Data transfer protocols are used to facilitate communication between electronic devices by providing a common set of rules by which data may be exchanged between one device and another. A universal protocol could theoretically allow one device to communicate with any other device, from simple devices like the lights in a room to complex devices like personal computers. However, to approach such an ideal, the protocol itself has to be usable with at least a significant proportion of the devices. Different types of devices have different characteristics such as microprocessor abilities, free memory, and accompanying costs. In addition, consumer devices are produced by a wide variety of manufacturers. Coordination and cooperation in interfacing a wide variety of electronic devices is very difficult.
Many times in the past, manufacturers have made attempts to allow consumer level devices to be able to communicate meaningful data or commands to one another. Many protocols define data links between standard small devices. However, this also meant that usually the “standard” became only a standard for that genre of device. Further, while these protocols provide a data link, they do not provide a standard method to allow simple relevant information transfer between two small devices. For example, a typical pager cannot send control information to any particular cellular telephone requesting the cellular telephone to initiate a call to a certain number; a “caller-ID” box is not able to instruct a PDA to display all the contact information for the person who is calling; and a PDA cannot print or fax (without a modem or special drivers).
The Inventor of the present invention has developed a protocol and method to facilitate communication between various electronic devices and the sharing of features, functionality and information between these devices which has been described in the invention, U.S. application Ser. No. 09/369,118, entitled “Universal Protocol for Enabling a Device to Discover and Utilize the Services of Another Device,” the entirety of which is incorporated herein by reference. This universal protocol is known as the Service Discovery Transport Protocol (“SDTP”).

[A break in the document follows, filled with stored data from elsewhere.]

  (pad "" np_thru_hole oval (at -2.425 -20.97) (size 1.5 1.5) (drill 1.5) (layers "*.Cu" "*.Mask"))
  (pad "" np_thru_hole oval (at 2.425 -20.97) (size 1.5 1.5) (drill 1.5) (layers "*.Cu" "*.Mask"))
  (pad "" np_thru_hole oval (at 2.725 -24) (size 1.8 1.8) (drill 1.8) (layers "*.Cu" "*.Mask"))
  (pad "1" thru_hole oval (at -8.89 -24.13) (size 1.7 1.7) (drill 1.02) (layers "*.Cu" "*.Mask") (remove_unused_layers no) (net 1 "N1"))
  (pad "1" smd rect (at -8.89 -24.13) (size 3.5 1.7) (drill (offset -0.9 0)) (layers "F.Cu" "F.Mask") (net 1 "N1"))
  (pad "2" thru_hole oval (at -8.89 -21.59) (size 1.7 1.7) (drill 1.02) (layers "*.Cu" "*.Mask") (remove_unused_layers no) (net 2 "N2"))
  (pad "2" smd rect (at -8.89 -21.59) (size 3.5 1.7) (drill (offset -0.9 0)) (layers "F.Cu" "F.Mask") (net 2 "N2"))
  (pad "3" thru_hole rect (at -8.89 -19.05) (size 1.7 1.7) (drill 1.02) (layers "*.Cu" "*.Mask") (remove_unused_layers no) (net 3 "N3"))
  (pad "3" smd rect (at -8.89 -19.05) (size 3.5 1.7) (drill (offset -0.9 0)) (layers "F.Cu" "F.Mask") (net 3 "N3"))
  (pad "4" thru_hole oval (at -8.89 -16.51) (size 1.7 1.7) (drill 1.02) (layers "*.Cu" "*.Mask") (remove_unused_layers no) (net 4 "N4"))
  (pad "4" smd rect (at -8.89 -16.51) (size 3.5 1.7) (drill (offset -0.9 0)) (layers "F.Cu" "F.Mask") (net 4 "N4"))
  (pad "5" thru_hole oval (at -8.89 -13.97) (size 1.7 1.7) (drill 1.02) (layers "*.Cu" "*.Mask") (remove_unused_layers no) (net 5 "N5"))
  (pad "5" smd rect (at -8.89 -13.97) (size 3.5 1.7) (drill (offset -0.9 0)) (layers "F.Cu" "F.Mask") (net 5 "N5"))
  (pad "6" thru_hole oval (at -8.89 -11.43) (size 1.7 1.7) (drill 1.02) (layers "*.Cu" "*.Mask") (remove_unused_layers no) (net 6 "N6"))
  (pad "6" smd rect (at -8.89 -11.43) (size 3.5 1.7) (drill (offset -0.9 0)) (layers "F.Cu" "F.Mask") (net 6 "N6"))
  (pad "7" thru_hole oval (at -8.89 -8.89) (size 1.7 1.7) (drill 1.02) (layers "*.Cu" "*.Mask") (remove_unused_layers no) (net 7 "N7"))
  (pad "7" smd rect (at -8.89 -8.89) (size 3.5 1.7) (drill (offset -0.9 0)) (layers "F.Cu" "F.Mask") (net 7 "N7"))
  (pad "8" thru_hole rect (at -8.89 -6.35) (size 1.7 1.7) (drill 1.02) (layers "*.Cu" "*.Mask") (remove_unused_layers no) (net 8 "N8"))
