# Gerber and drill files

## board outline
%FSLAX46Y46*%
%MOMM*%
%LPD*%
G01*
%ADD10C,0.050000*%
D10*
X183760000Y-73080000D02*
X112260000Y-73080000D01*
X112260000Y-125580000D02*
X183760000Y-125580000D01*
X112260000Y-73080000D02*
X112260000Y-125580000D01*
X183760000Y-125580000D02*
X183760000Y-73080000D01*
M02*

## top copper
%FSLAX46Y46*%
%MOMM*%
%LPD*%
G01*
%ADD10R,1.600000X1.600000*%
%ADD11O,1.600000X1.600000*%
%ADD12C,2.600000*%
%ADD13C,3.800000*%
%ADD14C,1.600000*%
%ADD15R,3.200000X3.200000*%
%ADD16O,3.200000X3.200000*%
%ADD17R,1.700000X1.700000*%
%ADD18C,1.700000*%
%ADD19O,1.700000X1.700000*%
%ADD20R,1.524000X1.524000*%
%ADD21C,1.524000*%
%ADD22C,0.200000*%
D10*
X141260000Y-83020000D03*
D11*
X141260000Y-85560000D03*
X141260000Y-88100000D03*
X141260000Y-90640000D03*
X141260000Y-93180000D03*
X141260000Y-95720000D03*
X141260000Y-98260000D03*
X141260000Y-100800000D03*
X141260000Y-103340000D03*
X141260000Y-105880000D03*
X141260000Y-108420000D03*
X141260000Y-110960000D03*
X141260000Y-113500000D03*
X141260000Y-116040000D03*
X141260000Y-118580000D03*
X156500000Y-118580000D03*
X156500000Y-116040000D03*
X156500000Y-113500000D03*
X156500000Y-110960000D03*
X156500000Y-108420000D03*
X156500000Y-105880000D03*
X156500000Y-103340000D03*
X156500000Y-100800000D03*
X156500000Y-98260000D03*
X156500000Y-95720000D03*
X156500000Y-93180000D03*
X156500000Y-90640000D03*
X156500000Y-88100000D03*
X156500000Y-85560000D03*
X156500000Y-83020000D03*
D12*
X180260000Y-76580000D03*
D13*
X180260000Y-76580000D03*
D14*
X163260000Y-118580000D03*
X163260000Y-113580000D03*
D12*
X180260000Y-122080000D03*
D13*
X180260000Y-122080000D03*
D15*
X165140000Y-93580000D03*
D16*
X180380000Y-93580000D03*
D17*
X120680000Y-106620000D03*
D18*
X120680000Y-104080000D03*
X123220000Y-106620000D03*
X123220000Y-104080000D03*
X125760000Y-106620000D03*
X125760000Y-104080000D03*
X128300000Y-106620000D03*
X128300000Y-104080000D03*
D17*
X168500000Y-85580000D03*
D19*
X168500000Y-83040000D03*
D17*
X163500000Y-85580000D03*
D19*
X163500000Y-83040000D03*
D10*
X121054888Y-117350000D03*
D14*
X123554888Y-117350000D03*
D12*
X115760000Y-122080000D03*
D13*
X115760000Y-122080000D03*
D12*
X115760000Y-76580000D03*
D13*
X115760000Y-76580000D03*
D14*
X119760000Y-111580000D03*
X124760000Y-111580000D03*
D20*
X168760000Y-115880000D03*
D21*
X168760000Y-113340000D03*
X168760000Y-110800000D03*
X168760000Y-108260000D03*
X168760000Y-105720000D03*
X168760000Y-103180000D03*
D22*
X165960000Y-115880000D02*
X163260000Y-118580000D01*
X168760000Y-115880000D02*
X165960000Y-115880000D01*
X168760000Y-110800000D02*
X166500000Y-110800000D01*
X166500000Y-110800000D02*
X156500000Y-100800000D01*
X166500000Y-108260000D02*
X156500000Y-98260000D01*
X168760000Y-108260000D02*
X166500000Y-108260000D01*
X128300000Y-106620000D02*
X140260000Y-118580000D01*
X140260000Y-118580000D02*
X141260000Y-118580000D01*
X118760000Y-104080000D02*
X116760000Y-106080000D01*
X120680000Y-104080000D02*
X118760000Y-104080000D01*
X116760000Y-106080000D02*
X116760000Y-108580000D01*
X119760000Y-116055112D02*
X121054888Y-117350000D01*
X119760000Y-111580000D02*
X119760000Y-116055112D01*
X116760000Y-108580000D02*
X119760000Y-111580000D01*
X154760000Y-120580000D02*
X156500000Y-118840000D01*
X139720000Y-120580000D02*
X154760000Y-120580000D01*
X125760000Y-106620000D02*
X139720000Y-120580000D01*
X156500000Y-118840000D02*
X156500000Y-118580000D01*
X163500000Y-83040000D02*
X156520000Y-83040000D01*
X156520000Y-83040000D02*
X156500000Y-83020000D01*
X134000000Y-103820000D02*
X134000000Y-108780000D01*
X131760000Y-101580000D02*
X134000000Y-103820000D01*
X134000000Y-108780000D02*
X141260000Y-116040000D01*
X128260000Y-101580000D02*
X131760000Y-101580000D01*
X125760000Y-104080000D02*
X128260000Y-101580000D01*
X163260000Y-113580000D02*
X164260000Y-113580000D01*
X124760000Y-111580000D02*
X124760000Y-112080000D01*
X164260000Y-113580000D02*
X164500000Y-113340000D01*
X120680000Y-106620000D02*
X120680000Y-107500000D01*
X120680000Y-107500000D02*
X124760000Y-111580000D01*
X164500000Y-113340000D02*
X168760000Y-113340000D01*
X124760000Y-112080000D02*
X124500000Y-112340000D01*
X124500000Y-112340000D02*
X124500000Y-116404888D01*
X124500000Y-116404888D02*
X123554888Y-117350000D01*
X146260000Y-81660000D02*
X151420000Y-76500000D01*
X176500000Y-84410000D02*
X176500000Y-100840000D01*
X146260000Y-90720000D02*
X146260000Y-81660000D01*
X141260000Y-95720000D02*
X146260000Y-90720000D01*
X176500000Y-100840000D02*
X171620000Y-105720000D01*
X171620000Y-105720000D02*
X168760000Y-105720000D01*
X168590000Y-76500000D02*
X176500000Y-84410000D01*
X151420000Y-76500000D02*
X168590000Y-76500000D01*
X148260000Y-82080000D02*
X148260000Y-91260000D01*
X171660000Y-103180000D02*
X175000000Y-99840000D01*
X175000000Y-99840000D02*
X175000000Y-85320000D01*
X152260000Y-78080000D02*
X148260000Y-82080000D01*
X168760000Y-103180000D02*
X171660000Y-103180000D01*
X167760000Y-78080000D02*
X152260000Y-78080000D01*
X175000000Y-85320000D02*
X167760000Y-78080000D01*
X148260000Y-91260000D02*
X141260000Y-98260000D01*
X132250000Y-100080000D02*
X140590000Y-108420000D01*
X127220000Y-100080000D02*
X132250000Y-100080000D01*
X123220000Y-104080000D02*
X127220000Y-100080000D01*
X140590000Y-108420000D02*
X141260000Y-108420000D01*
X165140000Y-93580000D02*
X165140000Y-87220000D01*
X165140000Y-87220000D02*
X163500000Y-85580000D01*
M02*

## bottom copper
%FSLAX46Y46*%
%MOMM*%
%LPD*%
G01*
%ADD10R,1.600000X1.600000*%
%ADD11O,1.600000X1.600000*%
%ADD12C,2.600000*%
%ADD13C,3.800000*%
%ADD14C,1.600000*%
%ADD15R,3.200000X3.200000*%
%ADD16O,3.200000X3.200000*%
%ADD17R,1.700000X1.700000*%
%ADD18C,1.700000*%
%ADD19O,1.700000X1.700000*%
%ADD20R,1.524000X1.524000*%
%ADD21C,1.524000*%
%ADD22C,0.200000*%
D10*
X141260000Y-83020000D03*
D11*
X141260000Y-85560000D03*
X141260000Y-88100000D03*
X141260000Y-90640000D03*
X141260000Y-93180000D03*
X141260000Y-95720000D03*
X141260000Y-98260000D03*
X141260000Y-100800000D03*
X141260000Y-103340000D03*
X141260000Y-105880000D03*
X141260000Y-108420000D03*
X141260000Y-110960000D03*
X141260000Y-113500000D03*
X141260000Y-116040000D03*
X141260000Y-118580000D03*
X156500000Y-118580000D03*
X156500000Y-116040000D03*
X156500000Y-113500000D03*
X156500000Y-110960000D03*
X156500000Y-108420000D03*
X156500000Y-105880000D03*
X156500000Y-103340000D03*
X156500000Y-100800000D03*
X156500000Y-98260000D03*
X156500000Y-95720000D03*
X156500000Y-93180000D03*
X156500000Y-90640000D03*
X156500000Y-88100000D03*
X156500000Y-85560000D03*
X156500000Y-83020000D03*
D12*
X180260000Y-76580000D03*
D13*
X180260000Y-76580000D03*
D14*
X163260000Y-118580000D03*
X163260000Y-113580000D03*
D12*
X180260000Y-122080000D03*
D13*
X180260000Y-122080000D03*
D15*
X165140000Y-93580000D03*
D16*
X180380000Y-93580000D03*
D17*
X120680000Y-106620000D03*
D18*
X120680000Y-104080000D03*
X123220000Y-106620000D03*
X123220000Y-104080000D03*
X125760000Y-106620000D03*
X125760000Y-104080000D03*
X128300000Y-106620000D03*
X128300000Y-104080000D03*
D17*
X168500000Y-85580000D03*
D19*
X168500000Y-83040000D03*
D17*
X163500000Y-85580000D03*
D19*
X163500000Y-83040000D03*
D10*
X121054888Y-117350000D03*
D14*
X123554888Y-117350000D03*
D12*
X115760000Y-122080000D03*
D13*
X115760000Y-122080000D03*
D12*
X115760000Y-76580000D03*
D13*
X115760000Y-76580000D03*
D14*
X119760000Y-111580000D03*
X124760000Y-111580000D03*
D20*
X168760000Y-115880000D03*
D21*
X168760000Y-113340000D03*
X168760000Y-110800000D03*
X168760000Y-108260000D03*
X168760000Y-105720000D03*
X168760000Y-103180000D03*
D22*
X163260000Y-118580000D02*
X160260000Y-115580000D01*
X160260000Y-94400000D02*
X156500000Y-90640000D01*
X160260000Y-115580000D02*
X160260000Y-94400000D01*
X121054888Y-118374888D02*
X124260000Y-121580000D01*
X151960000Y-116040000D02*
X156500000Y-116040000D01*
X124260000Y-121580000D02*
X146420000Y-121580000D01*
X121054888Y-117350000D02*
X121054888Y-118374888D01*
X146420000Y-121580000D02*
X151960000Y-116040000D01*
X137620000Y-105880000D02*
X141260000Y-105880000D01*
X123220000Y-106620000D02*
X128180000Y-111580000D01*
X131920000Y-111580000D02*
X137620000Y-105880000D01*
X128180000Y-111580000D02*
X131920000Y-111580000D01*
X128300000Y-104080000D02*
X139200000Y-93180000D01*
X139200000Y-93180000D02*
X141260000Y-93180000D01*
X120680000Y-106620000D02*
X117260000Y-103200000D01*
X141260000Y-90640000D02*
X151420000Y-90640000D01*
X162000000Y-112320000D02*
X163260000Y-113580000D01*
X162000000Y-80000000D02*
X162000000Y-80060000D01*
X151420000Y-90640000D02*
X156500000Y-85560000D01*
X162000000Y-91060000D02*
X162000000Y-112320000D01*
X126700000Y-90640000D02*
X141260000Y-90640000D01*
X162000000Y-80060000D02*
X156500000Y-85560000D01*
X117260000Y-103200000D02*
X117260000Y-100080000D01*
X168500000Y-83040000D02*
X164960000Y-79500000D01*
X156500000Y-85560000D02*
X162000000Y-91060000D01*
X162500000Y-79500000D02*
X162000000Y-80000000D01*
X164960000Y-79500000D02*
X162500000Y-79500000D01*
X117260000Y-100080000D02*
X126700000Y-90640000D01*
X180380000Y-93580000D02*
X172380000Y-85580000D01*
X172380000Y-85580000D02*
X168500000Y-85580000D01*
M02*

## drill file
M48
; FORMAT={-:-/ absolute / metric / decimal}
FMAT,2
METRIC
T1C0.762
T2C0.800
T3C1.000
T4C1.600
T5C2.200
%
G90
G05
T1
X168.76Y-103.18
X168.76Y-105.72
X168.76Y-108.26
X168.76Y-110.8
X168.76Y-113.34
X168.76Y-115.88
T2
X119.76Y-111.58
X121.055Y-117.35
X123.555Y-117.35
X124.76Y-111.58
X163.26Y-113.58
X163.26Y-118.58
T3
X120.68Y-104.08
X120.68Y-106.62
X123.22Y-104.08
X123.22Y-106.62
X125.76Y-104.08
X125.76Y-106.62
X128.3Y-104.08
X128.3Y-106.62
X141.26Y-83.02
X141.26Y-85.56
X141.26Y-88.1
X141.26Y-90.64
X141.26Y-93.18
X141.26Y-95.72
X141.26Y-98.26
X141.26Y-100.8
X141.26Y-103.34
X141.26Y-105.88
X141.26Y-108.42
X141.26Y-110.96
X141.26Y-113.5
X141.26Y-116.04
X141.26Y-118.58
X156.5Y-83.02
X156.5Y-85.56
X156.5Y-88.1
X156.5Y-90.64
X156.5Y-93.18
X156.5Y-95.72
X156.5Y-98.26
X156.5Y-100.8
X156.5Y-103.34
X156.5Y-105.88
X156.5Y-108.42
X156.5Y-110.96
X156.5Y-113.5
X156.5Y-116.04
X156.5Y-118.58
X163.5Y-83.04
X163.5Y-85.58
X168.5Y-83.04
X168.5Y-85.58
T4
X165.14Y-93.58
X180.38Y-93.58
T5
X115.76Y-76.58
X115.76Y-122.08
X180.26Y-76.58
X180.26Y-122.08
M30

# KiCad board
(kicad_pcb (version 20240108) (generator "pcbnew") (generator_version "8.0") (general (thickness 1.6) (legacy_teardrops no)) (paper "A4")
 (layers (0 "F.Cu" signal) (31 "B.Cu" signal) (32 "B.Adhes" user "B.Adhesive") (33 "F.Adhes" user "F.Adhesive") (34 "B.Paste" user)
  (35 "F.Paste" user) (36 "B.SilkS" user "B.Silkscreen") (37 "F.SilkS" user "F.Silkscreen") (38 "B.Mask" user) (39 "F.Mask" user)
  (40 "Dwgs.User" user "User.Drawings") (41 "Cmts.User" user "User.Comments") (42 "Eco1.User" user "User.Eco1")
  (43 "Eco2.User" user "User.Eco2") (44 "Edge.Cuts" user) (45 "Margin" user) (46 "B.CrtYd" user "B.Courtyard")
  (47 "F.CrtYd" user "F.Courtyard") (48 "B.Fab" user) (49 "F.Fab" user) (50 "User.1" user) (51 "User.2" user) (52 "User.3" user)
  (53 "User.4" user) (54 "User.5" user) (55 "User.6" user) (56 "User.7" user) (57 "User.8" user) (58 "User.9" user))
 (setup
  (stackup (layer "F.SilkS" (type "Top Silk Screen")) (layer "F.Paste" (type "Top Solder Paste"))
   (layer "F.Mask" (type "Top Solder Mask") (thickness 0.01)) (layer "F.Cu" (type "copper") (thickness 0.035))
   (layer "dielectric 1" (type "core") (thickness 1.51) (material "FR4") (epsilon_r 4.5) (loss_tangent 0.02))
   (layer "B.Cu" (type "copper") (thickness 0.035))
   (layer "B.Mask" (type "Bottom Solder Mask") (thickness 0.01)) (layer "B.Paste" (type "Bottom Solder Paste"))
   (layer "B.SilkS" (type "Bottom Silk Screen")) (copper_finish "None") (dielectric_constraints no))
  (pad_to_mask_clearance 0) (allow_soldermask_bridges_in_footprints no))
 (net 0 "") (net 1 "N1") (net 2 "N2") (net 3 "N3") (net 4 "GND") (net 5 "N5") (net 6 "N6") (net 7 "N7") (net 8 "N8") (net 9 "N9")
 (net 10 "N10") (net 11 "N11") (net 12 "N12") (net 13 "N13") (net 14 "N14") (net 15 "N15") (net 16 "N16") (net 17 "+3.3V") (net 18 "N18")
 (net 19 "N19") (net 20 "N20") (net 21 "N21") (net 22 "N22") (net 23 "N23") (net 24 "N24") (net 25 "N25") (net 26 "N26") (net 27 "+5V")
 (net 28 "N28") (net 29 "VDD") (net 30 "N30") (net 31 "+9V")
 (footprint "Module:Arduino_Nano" (layer "F.Cu") (at 141.26 83.02)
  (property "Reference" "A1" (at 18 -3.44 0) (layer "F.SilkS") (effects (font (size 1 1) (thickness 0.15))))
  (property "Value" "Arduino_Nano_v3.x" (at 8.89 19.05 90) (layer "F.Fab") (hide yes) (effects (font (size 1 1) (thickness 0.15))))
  (pad "1" thru_hole rect (at 0 0) (size 1.6 1.6) (drill 1) (layers "*.Cu" "*.Mask") (remove_unused_layers no) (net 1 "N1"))
  (pad "2" thru_hole oval (at 0 2.54) (size 1.6 1.6) (drill 1) (layers "*.Cu" "*.Mask") (remove_unused_layers no) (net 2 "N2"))
  (pad "3" thru_hole oval (at 0 5.08) (size 1.6 1.6) (drill 1) (layers "*.Cu" "*.Mask") (remove_unused_layers no) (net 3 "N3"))
  (pad "4" thru_hole oval (at 0 7.62) (size 1.6 1.6) (drill 1) (layers "*.Cu" "*.Mask") (remove_unused_layers no) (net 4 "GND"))
  (pad "5" thru_hole oval (at 0 10.16) (size 1.6 1.6) (drill 1) (layers "*.Cu" "*.Mask") (remove_unused_layers no) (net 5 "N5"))
  (pad "6" thru_hole oval (at 0 12.7) (size 1.6 1.6) (drill 1) (layers "*.Cu" "*.Mask") (remove_unused_layers no) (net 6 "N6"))
  (pad "7" thru_hole oval (at 0 15.24) (size 1.6 1.6) (drill 1) (layers "*.Cu" "*.Mask") (remove_unused_layers no) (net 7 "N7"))
  (pad "8" thru_hole oval (at 0 17.78) (size 1.6 1.6) (drill 1) (layers "*.Cu" "*.Mask") (remove_unused_layers no) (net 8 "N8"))
  (pad "9" thru_hole oval (at 0 20.32) (size 1.6 1.6) (drill 1) (layers "*.Cu" "*.Mask") (remove_unused_layers no) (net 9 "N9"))
  (pad "10" thru_hole oval (at 0 22.86) (size 1.6 1.6) (drill 1) (layers "*.Cu" "*.Mask") (remove_unused_layers no) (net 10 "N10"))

For background information helpful in understanding the present invention, a description of SDTP follows. SDTP is a protocol for facilitating communication between various electronic devices and the sharing of features, functionality and information between these devices. In general, SDTP is a protocol by which one device (the “client device”) can discover what services are offered by another device (the “server device”). Utilizing this protocol, the client device can take advantage of the services of the server device. Advantageously, the SDTP is simple enough to be used by nearly any type of electronic device, but at the same time it is robust enough to allow a user to author high-level applications utilizing multiple different services available from multiple devices without requiring the user to have any knowledge of any particular device interface or how the device works. SDTP is capable of use by a wide range of consumer devices allowing them to interact by standardizing many of the normal tasks associated with these devices. SDTP provides a simple data link between these devices.
The operation of SDTP actually begins when the server device sends a message to the client device to inform the client device that it is capable of communicating using the protocol. This message and all subsequent messages may be sent using standard 8-bit ASCII characters. Once the client device determines that the server device is capable of communicating using the protocol, the client device may request the server device to identify what kinds of services the server provides. This request is performed by transmitting a type-command to the server device.
Upon receiving the type-command, the server device responds by transmitting one or more device/service identifiers back to the client device. Each device/service identifier is unique, and represents either a specific device type identification (“ID”), such as a thermostat, a door, a pager, a PDA or many others, or a specific service type identification (“SD”), such as the ability to raise the temperature of the thermostat or to transmit the messages stored in the pager. Finally, the server device transmits a standard ASCII sequence to signal the last of the device/service identifiers.
After the server device identifies itself as being capable of using the protocol, the client device may issue commands to the server device using the unique service identifiers just described. Any necessary parameters may be passed along as well. If everything operates correctly, the service identified by the command is then provided by the server device. Finally, the server device responds to each such command by sending a status code back to the client device. The status code denotes that either: (a) the requested service was unavailable; (b) the server device was unable to complete the operation; (c) the command contained a syntax error; or (d) that the operation completed successfully.
SDTP also supports “learning” new services with which the client is not previously familiar. To invoke this capability, the client device transmits a use-command to the server device to identify the service that the client wishes to learn. Upon receiving the use-command, the server device transmits a service identifier corresponding to the new service and any available parameters. The client device may then invoke the service by sending the service identifier and the requisite parameters.
As the above description of the applicant's SDTP invention shows, attempts have been made in the past to allow various consumer level devices to communicate with one another across a room or perhaps even from room to room within a house; however, there has not been available a method for facilitating communication between consumer devices situated in different locations. For example, there is no protocol for enabling a consumer device at one's home to communicate with a consumer device at one's office. By the same token, there is no protocol for enabling a person's consumer device in a building's conference room facility to communicate with a consumer device in that person's office within the same building.
Therefore, a method is needed to facilitate communications between consumer devices where the consumer devices are located remotely from each other.